* **The problem**: From the entries that follow, copy exactly the lines beginning at the line holding "X30000000Y-47000000D01*" and continuing through the line holding "X30.0Y-35.0".

* **Data to use**:
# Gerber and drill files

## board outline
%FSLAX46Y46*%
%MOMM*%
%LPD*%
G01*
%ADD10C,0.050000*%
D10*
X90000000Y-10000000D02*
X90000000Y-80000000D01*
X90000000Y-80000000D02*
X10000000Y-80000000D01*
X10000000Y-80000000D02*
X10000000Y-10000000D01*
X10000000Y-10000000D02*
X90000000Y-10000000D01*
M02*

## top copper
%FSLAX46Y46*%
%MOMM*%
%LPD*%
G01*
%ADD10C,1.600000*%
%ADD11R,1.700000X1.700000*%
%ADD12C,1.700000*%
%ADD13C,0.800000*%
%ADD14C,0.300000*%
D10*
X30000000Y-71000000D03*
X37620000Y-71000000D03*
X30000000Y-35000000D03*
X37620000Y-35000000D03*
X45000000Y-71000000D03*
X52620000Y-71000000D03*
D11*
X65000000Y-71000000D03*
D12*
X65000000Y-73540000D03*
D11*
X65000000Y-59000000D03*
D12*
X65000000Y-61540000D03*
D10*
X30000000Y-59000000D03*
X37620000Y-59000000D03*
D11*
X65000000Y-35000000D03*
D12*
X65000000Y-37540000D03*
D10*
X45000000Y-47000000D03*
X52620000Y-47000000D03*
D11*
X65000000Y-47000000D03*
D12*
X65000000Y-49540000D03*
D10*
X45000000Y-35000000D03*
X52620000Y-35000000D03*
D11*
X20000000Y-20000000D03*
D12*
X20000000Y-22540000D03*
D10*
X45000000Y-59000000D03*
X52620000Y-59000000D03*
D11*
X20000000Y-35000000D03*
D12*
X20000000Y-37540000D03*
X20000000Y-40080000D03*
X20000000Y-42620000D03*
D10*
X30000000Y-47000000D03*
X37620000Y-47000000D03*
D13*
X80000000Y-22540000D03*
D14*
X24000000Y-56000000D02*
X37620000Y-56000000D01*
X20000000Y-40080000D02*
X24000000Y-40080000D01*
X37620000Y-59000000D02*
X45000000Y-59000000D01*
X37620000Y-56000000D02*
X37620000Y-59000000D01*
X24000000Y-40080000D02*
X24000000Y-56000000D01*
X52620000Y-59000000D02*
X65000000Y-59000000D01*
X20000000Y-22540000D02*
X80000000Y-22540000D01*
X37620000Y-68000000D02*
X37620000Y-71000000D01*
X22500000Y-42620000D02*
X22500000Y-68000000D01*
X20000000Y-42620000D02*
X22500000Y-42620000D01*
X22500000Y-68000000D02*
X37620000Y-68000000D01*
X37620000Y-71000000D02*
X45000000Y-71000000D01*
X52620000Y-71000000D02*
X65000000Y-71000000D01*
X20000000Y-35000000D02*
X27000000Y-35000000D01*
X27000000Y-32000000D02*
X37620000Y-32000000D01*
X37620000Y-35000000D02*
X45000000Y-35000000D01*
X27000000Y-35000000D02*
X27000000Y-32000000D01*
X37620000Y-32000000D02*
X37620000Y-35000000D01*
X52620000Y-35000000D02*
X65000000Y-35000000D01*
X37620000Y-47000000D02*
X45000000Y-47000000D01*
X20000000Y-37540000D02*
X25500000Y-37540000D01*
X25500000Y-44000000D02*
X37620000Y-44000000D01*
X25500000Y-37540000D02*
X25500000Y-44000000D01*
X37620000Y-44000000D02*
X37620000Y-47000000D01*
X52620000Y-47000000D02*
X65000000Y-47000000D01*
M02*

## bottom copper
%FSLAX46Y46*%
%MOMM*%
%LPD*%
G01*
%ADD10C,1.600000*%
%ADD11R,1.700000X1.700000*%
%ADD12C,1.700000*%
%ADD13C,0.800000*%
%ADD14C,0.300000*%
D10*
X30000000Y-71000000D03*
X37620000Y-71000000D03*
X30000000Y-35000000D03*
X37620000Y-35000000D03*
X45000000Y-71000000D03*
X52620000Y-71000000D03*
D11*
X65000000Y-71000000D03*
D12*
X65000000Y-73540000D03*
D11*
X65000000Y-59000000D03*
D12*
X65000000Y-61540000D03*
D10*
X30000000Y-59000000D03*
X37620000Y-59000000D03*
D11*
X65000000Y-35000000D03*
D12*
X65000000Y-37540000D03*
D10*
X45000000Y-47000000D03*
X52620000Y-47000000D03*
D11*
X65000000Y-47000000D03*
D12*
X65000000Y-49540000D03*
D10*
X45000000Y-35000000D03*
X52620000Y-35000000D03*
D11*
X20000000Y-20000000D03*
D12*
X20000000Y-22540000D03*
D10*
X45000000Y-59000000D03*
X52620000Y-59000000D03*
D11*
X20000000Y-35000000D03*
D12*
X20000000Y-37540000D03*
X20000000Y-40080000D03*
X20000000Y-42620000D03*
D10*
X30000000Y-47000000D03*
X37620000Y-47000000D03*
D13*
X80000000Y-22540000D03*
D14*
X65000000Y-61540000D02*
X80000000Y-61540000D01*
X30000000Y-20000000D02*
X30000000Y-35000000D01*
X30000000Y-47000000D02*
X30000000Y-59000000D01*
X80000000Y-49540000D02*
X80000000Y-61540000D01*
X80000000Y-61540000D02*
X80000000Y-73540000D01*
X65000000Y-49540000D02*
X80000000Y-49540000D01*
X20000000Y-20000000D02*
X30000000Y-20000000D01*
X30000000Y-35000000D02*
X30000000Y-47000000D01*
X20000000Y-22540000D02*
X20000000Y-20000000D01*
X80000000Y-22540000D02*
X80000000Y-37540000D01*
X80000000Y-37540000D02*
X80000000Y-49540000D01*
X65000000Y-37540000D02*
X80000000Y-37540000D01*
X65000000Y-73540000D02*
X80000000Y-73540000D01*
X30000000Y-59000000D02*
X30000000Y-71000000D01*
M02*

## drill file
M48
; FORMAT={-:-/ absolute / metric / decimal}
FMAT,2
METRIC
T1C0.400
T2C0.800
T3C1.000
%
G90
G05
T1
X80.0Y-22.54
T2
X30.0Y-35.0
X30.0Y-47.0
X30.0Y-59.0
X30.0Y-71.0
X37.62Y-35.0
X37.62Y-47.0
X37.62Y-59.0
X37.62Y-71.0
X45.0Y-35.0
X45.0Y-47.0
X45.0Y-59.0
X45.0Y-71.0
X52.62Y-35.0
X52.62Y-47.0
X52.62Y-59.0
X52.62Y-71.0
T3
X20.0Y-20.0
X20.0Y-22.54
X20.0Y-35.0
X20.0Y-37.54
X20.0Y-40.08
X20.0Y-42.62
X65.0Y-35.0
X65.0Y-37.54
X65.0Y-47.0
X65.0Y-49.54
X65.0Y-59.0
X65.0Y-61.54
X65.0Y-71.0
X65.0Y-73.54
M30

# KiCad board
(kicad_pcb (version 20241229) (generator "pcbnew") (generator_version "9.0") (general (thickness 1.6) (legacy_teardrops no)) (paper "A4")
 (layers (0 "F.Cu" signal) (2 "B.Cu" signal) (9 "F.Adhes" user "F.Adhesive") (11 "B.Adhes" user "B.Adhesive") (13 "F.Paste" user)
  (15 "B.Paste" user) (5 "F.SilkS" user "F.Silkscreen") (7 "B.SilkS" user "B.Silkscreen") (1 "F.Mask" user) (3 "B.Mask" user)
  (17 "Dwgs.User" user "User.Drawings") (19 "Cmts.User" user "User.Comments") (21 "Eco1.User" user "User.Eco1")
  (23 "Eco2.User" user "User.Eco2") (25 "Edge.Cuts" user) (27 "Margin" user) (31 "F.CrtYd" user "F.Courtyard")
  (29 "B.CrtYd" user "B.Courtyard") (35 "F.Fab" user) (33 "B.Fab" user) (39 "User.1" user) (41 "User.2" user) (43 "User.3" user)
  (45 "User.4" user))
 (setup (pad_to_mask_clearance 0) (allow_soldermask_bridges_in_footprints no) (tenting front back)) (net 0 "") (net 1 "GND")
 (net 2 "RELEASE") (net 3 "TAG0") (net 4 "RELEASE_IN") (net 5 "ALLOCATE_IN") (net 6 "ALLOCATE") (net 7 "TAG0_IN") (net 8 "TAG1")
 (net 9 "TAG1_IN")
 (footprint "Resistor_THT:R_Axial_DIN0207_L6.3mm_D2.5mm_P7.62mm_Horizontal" (layer "F.Cu") (at 30 71)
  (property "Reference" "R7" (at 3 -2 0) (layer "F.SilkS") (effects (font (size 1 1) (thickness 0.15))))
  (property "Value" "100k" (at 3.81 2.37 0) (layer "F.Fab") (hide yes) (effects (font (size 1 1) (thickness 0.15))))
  (pad "1" thru_hole circle (at 0 0) (size 1.6 1.6) (drill 0.8) (layers "*.Cu" "*.Mask") (remove_unused_layers no) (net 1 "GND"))
  (pad "2" thru_hole circle (at 7.62 0) (size 1.6 1.6) (drill 0.8) (layers "*.Cu" "*.Mask") (remove_unused_layers no) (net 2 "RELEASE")))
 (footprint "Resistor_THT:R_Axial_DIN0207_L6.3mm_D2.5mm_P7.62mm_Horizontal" (layer "F.Cu") (at 30 35)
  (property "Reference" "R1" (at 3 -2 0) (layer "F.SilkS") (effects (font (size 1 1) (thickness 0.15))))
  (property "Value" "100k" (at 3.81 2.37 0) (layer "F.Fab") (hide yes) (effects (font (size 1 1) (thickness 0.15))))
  (pad "1" thru_hole circle (at 0 0) (size 1.6 1.6) (drill 0.8) (layers "*.Cu" "*.Mask") (remove_unused_layers no) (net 1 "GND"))
  (pad "2" thru_hole circle (at 7.62 0) (size 1.6 1.6) (drill 0.8) (layers "*.Cu" "*.Mask") (remove_unused_layers no) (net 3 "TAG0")))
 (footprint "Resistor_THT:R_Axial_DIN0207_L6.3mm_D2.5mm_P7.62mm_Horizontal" (layer "F.Cu") (at 45 71)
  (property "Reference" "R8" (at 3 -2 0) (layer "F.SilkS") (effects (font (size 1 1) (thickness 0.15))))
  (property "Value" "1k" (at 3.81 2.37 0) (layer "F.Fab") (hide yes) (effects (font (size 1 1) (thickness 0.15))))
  (pad "1" thru_hole circle (at 0 0) (size 1.6 1.6) (drill 0.8) (layers "*.Cu" "*.Mask") (remove_unused_layers no) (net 2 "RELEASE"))
  (pad "2" thru_hole circle (at 7.62 0) (size 1.6 1.6) (drill 0.8) (layers "*.Cu" "*.Mask") (remove_unused_layers no) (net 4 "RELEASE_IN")))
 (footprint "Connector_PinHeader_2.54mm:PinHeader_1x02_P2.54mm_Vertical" (layer "F.Cu") (at 65 71)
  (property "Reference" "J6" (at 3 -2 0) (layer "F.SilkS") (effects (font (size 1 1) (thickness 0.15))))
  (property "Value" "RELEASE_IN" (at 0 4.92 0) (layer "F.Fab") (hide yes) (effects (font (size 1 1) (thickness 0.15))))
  (pad "1" thru_hole rect (at 0 0) (size 1.7 1.7) (drill 1) (layers "*.Cu" "*.Mask") (remove_unused_layers no) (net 4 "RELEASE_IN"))
  (pad "2" thru_hole circle (at 0 2.54) (size 1.7 1.7) (drill 1) (layers "*.Cu" "*.Mask") (remove_unused_layers no) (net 1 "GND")))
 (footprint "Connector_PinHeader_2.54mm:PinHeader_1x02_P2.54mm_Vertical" (layer "F.Cu") (at 65 59)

* **Exercise response**:
X30000000Y-47000000D01*
X20000000Y-22540000D02*
X20000000Y-20000000D01*
X80000000Y-22540000D02*
X80000000Y-37540000D01*
X80000000Y-37540000D02*
X80000000Y-49540000D01*
X65000000Y-37540000D02*
X80000000Y-37540000D01*
X65000000Y-73540000D02*
X80000000Y-73540000D01*
X30000000Y-59000000D02*
X30000000Y-71000000D01*
M02*

## drill file
M48
; FORMAT={-:-/ absolute / metric / decimal}
FMAT,2
METRIC
T1C0.400
T2C0.800
T3C1.000
%
G90
G05
T1
X80.0Y-22.54
T2
X30.0Y-35.0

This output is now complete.